The Downtown Community Ministry's Street People Project is their chance to face up to debts and quit bad habits.
The project began in 1995 when street people told of the frustration of not being able to get a bank account and get access to benefits. One of their number became its first coordinator. Fourteen years later, the little-known banking service has helped more than 1000 people.
Today it has 72 people on its books and handles more than $500,000 a year. Of its clients, 98 per cent are beneficiaries; most are men.
William Matangi is one of them.
The 45-year-old invalid beneficiary lives in the Taranaki St shelter in Wellington. The heavily tattooed former drug addict says he has been on the streets or in jail since he was 11.
He joined the project two years ago to get an advocate and find help budgeting his benefit of $176 a week.
Now his benefit is paid directly to the community project's bank account.
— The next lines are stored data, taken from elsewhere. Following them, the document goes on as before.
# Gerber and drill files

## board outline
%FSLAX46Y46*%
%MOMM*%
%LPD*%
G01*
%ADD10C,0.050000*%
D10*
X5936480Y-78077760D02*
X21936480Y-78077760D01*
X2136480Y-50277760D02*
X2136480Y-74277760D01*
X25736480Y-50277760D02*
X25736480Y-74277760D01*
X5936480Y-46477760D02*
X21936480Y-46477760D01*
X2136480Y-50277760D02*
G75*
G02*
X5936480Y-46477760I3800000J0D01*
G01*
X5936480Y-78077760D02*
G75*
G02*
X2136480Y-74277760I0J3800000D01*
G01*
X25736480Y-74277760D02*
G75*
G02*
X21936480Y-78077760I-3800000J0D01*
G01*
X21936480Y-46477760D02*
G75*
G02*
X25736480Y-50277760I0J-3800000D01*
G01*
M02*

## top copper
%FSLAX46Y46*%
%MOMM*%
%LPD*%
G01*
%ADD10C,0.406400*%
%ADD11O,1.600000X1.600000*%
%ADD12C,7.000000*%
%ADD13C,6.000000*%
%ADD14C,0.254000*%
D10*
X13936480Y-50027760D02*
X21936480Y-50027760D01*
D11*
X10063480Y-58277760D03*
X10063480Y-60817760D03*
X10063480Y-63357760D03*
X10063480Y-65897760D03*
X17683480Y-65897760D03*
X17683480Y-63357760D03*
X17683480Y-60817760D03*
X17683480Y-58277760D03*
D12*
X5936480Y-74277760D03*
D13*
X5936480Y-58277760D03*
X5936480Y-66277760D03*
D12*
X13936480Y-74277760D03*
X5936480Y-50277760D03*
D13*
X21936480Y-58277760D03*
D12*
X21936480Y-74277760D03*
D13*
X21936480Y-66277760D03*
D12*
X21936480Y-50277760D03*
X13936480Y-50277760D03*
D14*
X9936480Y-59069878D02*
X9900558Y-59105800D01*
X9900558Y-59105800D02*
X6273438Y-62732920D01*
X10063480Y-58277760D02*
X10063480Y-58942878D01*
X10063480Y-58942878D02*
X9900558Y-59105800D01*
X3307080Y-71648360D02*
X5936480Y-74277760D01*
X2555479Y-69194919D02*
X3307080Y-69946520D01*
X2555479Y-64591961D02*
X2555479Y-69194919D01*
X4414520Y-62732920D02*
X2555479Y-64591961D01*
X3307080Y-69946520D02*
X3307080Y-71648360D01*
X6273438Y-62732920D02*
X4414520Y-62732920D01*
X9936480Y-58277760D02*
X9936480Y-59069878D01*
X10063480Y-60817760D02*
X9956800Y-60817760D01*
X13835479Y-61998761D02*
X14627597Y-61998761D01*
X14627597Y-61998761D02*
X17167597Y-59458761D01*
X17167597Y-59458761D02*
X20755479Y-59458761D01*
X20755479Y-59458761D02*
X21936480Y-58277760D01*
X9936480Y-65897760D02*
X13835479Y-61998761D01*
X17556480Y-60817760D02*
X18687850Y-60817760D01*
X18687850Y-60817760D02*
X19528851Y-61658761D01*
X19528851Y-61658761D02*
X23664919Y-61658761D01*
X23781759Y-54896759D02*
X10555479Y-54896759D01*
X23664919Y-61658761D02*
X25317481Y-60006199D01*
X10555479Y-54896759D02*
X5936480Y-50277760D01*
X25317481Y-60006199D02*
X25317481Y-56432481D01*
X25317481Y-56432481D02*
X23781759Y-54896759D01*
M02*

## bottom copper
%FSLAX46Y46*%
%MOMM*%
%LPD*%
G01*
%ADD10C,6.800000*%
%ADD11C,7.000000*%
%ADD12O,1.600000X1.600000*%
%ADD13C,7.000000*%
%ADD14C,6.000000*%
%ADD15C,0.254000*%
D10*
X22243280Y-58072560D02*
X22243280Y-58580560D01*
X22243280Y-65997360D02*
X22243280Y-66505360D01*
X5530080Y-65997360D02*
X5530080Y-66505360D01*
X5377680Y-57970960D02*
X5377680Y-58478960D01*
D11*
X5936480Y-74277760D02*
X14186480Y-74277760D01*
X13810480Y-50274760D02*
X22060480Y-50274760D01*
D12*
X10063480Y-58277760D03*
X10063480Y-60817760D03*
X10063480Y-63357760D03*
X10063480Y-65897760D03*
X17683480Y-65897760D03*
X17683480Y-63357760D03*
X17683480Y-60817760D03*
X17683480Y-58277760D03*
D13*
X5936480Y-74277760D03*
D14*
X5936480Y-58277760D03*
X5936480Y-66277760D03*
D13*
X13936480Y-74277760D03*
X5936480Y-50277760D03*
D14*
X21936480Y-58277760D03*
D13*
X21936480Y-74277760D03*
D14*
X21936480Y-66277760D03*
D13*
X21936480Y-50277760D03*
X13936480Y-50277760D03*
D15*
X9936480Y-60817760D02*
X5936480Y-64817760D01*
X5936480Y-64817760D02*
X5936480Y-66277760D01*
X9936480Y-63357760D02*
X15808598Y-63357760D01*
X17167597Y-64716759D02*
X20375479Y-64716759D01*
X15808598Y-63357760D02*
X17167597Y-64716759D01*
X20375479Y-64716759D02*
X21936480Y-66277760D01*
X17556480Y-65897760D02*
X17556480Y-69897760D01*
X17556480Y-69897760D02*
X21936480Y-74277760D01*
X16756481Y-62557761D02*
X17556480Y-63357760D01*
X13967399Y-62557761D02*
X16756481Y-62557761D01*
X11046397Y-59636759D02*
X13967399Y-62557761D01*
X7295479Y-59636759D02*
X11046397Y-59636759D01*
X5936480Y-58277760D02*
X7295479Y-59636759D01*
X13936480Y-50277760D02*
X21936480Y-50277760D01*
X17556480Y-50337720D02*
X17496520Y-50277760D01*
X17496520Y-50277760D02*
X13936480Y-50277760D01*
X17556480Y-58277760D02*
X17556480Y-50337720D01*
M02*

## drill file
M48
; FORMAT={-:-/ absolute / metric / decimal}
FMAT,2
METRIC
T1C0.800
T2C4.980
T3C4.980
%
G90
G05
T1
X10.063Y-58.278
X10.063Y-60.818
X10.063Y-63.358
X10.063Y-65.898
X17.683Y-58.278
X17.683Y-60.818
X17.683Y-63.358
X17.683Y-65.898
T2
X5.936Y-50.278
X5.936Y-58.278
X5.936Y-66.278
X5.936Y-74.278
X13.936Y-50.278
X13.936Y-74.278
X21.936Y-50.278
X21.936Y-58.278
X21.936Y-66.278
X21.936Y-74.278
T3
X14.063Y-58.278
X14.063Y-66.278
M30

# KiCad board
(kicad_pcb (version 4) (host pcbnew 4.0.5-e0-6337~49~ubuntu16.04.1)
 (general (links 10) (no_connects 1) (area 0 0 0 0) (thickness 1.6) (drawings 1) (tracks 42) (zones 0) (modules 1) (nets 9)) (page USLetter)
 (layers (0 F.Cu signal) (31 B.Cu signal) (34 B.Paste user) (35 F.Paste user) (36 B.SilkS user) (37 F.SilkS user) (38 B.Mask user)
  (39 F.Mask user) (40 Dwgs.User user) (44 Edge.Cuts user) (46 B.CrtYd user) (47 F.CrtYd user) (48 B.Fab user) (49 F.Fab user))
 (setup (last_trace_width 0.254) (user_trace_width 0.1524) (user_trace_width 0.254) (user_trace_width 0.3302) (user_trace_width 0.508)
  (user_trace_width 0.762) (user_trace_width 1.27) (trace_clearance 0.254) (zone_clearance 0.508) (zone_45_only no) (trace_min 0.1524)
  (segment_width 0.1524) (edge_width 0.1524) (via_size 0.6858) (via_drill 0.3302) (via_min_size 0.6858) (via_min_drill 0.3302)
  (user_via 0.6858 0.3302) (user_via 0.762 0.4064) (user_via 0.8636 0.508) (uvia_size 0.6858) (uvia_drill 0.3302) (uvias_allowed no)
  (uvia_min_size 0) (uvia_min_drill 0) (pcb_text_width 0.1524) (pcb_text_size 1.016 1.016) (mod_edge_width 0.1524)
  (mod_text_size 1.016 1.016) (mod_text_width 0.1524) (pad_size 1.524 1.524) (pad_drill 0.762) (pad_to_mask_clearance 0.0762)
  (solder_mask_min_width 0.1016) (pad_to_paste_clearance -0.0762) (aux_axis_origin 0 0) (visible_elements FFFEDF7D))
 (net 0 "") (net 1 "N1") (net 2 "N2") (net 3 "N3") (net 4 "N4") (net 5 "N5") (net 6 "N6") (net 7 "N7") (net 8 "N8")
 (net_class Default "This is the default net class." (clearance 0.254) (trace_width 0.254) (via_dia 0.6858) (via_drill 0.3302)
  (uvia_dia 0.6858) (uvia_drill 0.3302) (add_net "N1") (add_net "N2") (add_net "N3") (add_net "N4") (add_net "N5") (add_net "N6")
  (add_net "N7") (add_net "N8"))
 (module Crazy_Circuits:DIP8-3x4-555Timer (layer F.Cu) (at 5.93648 74.27776)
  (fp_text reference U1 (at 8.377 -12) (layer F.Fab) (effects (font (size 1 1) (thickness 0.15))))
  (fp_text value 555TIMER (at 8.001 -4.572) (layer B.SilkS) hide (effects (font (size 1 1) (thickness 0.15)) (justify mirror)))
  (fp_line (start 16.3068 -16.2052) (end 16.3068 -15.6972) (layer B.Cu) (width 6.8))
  (fp_line (start 8 -24.25) (end 16 -24.25) (layer F.Cu) (width 0.4064))
  (fp_line (start 0 3.8) (end 16 3.8) (layer Edge.Cuts) (width 0.05))
  (fp_line (start -3.8 -24) (end -3.8 0) (layer Edge.Cuts) (width 0.05))
  (fp_line (start 19.8 -24) (end 19.8 0) (layer Edge.Cuts) (width 0.05))
  (fp_line (start 0 -27.8) (end 16 -27.8) (layer Edge.Cuts) (width 0.05))
  (fp_arc (start 0 -24) (end -3.8 -24) (angle 90) (layer Edge.Cuts) (width 0.05))
  (fp_arc (start 0 0) (end 0 3.8) (angle 90) (layer Edge.Cuts) (width 0.05))
  (fp_arc (start 16 0) (end 19.8 0) (angle 90) (layer Edge.Cuts) (width 0.05))
  (fp_arc (start 16 -24) (end 16 -27.8) (angle 90) (layer Edge.Cuts) (width 0.05))
  (fp_line (start 16.3068 -8.2804) (end 16.3068 -7.7724) (layer B.Cu) (width 6.8))
  (fp_line (start -0.4064 -8.2804) (end -0.4064 -7.7724) (layer B.Cu) (width 6.8))
  (fp_line (start -0.5588 -16.3068) (end -0.5588 -15.7988) (layer B.Cu) (width 6.8))
  (fp_line (start 0 0) (end 8.25 0) (layer B.Cu) (width 7))
  (fp_line (start 7.874 -24.003) (end 16.124 -24.003) (layer B.Cu) (width 7))
  (pad 1 thru_hole oval (at 4.127 -16) (size 1.6 1.6) (drill 0.8) (layers *.Cu *.Mask F.SilkS) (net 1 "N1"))
  (pad 2 thru_hole oval (at 4.127 -13.46) (size 1.6 1.6) (drill 0.8) (layers *.Cu *.Mask F.SilkS) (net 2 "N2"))
  (pad 3 thru_hole oval (at 4.127 -10.92) (size 1.6 1.6) (drill 0.8) (layers *.Cu *.Mask F.SilkS) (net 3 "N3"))
  (pad 4 thru_hole oval (at 4.127 -8.38) (size 1.6 1.6) (drill 0.8) (layers *.Cu *.Mask F.SilkS) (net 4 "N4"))
  (pad 5 thru_hole oval (at 11.747 -8.38) (size 1.6 1.6) (drill 0.8) (layers *.Cu *.Mask F.SilkS) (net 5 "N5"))
  (pad 6 thru_hole oval (at 11.747 -10.92) (size 1.6 1.6) (drill 0.8) (layers *.Cu *.Mask F.SilkS) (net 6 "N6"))
  (pad 7 thru_hole oval (at 11.747 -13.46) (size 1.6 1.6) (drill 0.8) (layers *.Cu *.Mask F.SilkS) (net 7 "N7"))
  (pad 8 thru_hole oval (at 11.747 -16) (size 1.6 1.6) (drill 0.8) (layers *.Cu *.Mask F.SilkS) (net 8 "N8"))
  (pad 1 thru_hole circle (at 0 0 270) (size 7 7) (drill 4.98) (layers *.Cu B.Mask) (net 1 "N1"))
  (pad "" np_thru_hole circle (at 8.127 -16 270) (size 4.98 4.98) (drill 4.98) (layers *.Cu))
  (pad 6 thru_hole circle (at 0 -16 270) (size 6 6) (drill 4.98) (layers *.Cu B.Mask) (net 6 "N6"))
  (pad 2 thru_hole circle (at 0 -8 270) (size 6 6) (drill 4.98) (layers *.Cu B.Mask) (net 2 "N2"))
  (pad "" np_thru_hole circle (at 8.127 -8 270) (size 4.98 4.98) (drill 4.98) (layers *.Cu F.SilkS))
  (pad 1 thru_hole circle (at 8 0 270) (size 7 7) (drill 4.98) (layers *.Cu B.Mask) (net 1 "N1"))
  (pad 7 thru_hole circle (at 0 -24 270) (size 7 7) (drill 4.98) (layers *.Cu B.Mask) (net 7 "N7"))
  (pad 4 thru_hole circle (at 16 -16 270) (size 6 6) (drill 4.98) (layers *.Cu B.Mask) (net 4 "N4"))
  (pad 5 thru_hole circle (at 16 0 270) (size 7 7) (drill 4.98) (layers *.Cu B.Mask) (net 5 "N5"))
  (pad 3 thru_hole circle (at 16 -8 270) (size 6 6) (drill 4.98) (layers *.Cu B.Mask) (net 3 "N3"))
  (pad 8 thru_hole circle (at 16 -24 270) (size 7 7) (drill 4.98) (layers *.Cu B.Mask) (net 8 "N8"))
  (pad 8 thru_hole circle (at 8 -24 270) (size 7 7) (drill 4.98) (layers *.Cu B.Mask) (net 8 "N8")))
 (segment (start 9.93648 59.069878) (end 9.900558 59.1058) (width 0.254) (layer F.Cu) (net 1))
 (segment (start 9.900558 59.1058) (end 6.273438 62.73292) (width 0.254) (layer F.Cu) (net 1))
 (segment (start 10.06348 58.27776) (end 10.06348 58.942878) (width 0.254) (layer F.Cu) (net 1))
 (segment (start 10.06348 58.942878) (end 9.900558 59.1058) (width 0.254) (layer F.Cu) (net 1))
 (segment (start 3.30708 71.64836) (end 5.93648 74.27776) (width 0.254) (layer F.Cu) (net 1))
 (segment (start 2.555479 69.194919) (end 3.30708 69.94652) (width 0.254) (layer F.Cu) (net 1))
 (segment (start 2.555479 64.591961) (end 2.555479 69.194919) (width 0.254) (layer F.Cu) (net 1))
 (segment (start 4.41452 62.73292) (end 2.555479 64.591961) (width 0.254) (layer F.Cu) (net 1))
From that, $57 goes for accommodation at the shelter about $7 a night and $30 goes for court fines in automatic payments.
He owes about $16,000 in traffic-related fines. "I've been doing that [paying fines] for about nine years. Man, I really need to do something about that," he said.
It leaves $89, which he is given in a cash cheque for food, savings and other costs, including visiting his daughters, aged eight and 14, at the weekends.
"It's taken me from spending all my money on drugs every week to spending none," Mr Matangi said.
Mr Speir said most banks required several forms of identification and often photo ID, which "our guys don't have".
Having no fixed abode and criminal convictions also hinders getting a bank account. Enter the street banking programme.
It acts as an agent, giving access to its bank account and budgeting advice.
Its aim is for clients to eventually get, and be able to operate, their own bank accounts. Staff also advocate for street people, making arrangements to pay debts or get benefit entitlements and set up automatic payments.
"We can begin to pay their bills first their rent, then the power and debts," Mr Speir said.
Client debts are generally between $5000 and $10,000, often with interest rates of up to 40 per cent.
Many clients have been hiding from debt, while others are unprepared for it.
"Sometimes they are incarcerated and it happens on a day they are not expecting it, and they lose their benefit as soon as they go to prison, leaving rent, power and bills."
There are cases of street people with debts of more than $30,000. One woman is left with $33 a week after bills and court-imposed fines are paid, Mr Speir said.
But most, including Mr Matangi, want to get rid of debts.
"They are really just like you and me, just because they are on a benefit doesn't mean they don't have aspirations.
"But with their criminal history and addictions, getting ahead is a real struggle."
The project is not there to support their habits and has strict rules. There are no advance payments and it never supports overdrafts or credit cards. "We are really strict about this we're not a soft touch," treasurer Pat Booth said.
The banking service opens four days a week, does not handle cash and links in with the community ministry housing and training programmes, and its food bank.
Though a thankless job, in which social workers sometimes have to deal with abuse from drunk or drugged people, Mr Speir said it was rewarding. "I do believe they deserve a second chance. And this organisation never gives up. It tries relentlessly to help people."
He believed if the programme did not exist, crime would rise as desperate people found new ways of getting money.
It could take years for people to turn their lives around, but there were success stories.
A realist at heart, Mr Speir said he was always hopeful. Three of his clients donate $5 to charity each week and others have started saving, including Mr Matangi, who said the banking project, and being introduced by the community ministry to the homeless street football team, helped him get sober.
"I love it. It's just brought everything I was back to life."
For the first time in decades he has energy, feels part of a team, and has $350 saved. "I'm saving for the end of year to get something special for my girls."